MATERIALS PROVIDED:
<<<<
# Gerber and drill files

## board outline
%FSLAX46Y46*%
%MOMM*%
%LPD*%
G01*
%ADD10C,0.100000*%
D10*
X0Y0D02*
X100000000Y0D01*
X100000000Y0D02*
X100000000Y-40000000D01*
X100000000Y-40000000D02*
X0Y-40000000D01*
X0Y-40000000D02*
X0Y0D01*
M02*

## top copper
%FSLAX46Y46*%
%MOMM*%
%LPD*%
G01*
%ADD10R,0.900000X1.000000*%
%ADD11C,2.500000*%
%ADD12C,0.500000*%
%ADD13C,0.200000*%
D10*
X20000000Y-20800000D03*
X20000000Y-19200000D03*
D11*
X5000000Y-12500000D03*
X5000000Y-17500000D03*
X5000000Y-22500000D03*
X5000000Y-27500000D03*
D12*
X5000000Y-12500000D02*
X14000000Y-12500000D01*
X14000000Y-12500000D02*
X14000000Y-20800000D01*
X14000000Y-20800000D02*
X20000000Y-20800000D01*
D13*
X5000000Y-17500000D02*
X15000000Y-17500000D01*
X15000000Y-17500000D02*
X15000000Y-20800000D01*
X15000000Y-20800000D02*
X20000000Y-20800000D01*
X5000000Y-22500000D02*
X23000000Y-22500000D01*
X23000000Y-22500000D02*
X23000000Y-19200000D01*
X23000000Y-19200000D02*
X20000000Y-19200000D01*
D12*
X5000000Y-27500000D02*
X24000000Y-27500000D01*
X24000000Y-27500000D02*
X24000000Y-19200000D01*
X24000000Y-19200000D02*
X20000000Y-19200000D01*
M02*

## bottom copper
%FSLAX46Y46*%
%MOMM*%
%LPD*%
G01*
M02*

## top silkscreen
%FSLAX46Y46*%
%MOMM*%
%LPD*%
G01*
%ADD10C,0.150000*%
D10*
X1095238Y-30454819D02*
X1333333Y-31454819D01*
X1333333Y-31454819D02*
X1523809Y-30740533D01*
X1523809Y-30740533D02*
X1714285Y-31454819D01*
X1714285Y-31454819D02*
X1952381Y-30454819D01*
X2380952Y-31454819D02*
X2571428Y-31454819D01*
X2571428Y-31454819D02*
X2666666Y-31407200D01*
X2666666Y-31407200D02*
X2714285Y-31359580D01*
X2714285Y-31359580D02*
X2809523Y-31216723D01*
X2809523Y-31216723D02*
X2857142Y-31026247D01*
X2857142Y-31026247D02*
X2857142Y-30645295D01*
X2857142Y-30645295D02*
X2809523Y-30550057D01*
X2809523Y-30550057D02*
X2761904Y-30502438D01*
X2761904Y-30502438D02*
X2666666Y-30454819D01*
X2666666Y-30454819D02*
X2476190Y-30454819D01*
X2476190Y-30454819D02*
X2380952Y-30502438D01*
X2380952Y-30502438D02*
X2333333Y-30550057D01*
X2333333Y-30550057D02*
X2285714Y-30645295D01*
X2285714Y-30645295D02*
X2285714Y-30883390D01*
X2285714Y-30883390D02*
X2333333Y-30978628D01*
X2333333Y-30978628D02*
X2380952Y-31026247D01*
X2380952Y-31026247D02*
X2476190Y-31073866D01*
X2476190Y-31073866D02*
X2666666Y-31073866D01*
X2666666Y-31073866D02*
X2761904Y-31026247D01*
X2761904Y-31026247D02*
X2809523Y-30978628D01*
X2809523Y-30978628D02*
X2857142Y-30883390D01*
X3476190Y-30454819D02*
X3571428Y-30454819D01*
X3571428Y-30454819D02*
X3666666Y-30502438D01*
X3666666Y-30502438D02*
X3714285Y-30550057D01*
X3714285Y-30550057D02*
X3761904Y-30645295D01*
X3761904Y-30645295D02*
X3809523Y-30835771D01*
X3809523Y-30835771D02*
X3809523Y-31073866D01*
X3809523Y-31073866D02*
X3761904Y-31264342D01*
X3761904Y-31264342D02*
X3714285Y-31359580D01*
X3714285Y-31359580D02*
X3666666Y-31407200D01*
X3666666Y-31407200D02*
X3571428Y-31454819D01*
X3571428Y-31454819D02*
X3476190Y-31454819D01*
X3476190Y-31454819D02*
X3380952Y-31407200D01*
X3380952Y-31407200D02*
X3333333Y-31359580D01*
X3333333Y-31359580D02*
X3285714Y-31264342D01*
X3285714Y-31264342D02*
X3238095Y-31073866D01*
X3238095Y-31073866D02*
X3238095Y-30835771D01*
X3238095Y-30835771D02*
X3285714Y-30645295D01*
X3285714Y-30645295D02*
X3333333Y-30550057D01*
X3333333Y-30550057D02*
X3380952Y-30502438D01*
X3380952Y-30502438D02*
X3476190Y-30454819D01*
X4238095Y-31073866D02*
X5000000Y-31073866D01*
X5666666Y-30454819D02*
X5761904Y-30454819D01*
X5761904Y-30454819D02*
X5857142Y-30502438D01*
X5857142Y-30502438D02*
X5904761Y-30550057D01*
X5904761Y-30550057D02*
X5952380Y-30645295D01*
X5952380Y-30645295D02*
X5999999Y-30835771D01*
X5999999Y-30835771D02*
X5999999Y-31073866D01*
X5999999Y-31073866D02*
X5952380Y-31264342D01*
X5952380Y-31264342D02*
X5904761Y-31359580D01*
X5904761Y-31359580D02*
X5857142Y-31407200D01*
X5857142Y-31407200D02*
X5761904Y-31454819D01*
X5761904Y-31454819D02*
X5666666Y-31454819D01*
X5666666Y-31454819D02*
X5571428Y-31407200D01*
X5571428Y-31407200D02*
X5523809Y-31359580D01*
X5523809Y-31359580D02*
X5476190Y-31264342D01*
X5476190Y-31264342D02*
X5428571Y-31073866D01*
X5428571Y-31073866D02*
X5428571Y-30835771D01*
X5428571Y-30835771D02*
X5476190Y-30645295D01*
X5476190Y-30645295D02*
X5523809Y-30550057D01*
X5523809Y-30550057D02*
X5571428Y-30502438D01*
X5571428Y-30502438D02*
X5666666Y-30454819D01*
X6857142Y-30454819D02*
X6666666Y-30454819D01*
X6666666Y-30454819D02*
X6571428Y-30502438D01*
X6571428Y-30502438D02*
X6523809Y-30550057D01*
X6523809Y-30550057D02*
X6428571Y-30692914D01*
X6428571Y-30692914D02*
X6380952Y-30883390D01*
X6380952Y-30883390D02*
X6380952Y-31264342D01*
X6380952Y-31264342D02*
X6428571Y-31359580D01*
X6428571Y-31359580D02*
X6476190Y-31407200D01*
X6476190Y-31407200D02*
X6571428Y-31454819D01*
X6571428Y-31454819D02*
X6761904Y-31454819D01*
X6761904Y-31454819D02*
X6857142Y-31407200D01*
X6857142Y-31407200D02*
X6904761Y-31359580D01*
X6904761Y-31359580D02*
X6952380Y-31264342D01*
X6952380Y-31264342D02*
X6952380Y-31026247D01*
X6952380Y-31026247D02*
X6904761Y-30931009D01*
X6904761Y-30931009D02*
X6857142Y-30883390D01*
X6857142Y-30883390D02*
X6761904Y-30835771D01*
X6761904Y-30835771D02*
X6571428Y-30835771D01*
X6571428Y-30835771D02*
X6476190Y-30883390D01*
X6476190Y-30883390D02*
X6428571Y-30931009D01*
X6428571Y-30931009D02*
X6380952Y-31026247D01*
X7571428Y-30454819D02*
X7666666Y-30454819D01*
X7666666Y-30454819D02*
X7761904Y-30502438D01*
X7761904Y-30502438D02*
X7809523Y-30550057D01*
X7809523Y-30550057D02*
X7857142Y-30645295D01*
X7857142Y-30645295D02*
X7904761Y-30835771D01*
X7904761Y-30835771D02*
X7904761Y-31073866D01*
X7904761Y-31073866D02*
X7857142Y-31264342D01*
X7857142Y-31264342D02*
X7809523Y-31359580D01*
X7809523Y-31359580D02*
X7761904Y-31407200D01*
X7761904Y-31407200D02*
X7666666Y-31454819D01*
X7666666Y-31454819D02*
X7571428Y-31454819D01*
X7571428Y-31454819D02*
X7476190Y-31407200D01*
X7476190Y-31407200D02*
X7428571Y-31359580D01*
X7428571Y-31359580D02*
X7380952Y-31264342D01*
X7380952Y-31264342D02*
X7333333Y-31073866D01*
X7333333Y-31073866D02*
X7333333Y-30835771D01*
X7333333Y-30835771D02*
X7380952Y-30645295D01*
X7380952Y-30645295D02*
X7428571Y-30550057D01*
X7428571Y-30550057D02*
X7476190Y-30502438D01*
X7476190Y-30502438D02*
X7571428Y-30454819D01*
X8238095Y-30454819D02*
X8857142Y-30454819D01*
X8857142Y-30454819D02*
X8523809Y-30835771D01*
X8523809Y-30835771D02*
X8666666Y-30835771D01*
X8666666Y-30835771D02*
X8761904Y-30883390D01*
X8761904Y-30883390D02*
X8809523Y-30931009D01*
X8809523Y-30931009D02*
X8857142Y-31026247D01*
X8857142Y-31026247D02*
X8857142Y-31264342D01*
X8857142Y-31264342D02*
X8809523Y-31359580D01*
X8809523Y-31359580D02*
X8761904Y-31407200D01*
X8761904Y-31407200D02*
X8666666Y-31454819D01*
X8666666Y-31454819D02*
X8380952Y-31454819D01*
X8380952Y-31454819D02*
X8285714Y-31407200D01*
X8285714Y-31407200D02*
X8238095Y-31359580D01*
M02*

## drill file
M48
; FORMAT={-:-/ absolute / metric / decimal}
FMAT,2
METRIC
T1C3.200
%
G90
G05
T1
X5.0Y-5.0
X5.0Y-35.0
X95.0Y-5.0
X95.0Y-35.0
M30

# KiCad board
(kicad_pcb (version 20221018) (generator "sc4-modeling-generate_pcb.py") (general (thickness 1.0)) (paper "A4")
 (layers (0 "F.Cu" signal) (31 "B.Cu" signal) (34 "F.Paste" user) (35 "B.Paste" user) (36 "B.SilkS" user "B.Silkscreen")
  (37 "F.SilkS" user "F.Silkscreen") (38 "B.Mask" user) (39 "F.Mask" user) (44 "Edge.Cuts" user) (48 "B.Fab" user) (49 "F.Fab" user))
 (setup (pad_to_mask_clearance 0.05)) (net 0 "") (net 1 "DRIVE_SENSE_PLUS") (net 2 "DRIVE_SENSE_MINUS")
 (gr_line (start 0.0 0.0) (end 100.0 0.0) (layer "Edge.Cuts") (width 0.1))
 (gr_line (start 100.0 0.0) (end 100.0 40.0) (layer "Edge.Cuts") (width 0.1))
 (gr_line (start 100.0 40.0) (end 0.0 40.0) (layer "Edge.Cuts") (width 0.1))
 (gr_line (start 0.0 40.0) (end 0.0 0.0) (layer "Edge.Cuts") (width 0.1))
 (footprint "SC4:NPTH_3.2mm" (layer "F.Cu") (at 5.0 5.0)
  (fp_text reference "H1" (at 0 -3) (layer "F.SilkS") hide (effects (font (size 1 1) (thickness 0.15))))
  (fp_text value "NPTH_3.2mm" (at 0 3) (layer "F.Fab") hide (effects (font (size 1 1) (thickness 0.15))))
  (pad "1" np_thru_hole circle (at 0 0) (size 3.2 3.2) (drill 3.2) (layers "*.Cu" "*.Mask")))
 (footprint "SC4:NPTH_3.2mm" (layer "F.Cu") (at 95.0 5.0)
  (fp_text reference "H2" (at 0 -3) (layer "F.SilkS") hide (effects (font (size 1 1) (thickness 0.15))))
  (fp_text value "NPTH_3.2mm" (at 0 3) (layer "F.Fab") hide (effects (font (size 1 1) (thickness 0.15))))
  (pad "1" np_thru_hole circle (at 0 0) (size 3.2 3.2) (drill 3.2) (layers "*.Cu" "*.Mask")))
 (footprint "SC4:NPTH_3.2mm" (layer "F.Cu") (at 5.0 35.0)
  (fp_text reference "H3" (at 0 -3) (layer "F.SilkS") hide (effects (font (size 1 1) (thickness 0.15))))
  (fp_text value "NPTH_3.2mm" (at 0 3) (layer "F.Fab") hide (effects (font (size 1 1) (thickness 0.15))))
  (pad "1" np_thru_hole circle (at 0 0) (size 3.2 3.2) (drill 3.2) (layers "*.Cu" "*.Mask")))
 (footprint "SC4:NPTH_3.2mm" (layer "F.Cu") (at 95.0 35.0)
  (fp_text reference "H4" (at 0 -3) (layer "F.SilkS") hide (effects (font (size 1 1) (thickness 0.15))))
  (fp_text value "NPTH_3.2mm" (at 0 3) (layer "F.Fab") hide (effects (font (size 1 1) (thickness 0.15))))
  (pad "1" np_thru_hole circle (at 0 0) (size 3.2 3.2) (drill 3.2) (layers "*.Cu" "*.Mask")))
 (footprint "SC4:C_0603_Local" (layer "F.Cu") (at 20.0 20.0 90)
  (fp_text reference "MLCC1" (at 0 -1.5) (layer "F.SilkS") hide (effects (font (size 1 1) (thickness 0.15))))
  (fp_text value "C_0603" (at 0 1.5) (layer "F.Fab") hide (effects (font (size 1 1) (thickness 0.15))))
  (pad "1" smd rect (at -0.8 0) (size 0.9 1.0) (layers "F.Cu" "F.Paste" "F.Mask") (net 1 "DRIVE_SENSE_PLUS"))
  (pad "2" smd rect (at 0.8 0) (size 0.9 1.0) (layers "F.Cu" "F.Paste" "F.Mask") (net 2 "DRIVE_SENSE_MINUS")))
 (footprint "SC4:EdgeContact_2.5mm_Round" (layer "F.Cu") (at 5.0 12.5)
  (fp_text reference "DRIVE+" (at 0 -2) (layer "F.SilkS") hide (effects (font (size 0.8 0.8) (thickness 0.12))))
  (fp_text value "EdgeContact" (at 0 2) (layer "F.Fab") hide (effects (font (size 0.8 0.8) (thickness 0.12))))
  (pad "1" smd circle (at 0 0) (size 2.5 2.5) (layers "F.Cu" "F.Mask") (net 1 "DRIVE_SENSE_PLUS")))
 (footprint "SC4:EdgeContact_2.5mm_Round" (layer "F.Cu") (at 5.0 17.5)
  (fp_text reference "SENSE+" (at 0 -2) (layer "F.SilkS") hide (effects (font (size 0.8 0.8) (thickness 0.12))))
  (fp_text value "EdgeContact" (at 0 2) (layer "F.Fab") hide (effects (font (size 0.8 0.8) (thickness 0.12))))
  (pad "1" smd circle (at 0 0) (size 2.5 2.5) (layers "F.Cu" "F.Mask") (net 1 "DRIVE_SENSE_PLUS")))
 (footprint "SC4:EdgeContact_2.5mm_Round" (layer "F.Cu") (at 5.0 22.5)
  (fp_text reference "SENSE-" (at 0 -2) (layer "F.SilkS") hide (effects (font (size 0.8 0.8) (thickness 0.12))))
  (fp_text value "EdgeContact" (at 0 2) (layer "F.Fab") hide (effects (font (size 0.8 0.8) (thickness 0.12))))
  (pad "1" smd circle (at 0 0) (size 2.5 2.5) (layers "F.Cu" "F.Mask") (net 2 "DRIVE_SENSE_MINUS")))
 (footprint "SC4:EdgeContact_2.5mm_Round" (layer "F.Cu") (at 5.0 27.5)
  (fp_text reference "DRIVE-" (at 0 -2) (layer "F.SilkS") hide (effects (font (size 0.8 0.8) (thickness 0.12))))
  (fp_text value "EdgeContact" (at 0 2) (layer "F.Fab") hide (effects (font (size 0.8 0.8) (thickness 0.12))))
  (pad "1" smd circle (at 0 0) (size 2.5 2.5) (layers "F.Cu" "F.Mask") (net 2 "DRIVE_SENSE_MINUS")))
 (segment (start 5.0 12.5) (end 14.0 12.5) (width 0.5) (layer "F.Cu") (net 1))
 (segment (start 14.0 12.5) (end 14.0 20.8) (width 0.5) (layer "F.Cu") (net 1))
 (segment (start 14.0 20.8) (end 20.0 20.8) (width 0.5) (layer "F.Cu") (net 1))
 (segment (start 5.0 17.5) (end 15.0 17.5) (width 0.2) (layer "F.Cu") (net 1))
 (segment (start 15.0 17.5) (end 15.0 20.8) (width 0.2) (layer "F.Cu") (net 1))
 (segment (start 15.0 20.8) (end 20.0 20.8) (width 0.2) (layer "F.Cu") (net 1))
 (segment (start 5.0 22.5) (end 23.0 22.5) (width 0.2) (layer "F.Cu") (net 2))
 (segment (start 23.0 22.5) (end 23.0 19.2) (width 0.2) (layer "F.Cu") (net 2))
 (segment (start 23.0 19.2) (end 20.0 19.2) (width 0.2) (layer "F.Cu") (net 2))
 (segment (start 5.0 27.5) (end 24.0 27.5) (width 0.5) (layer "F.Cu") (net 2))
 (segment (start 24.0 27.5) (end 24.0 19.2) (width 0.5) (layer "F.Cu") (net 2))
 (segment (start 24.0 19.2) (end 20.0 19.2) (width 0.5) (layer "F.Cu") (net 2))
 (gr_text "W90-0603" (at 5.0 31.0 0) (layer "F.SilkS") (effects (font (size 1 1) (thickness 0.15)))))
>>>>
AIM OF THE EXERCISE:
Would you print exactly and only the lines of the material above that run from the line with "X3761904Y-30645295D01*" through the line with "X5857142Y-30502438D02*", both included?

RESULT OF THE EXERCISE:
X3761904Y-30645295D01*
X3761904Y-30645295D02*
X3809523Y-30835771D01*
X3809523Y-30835771D02*
X3809523Y-31073866D01*
X3809523Y-31073866D02*
X3761904Y-31264342D01*
X3761904Y-31264342D02*
X3714285Y-31359580D01*
X3714285Y-31359580D02*
X3666666Y-31407200D01*
X3666666Y-31407200D02*
X3571428Y-31454819D01*
X3571428Y-31454819D02*
X3476190Y-31454819D01*
X3476190Y-31454819D02*
X3380952Y-31407200D01*
X3380952Y-31407200D02*
X3333333Y-31359580D01*
X3333333Y-31359580D02*
X3285714Y-31264342D01*
X3285714Y-31264342D02*
X3238095Y-31073866D01*
X3238095Y-31073866D02*
X3238095Y-30835771D01*
X3238095Y-30835771D02*
X3285714Y-30645295D01*
X3285714Y-30645295D02*
X3333333Y-30550057D01*
X3333333Y-30550057D02*
X3380952Y-30502438D01*
X3380952Y-30502438D02*
X3476190Y-30454819D01*
X4238095Y-31073866D02*
X5000000Y-31073866D01*
X5666666Y-30454819D02*
X5761904Y-30454819D01*
X5761904Y-30454819D02*
X5857142Y-30502438D01*
X5857142Y-30502438D02*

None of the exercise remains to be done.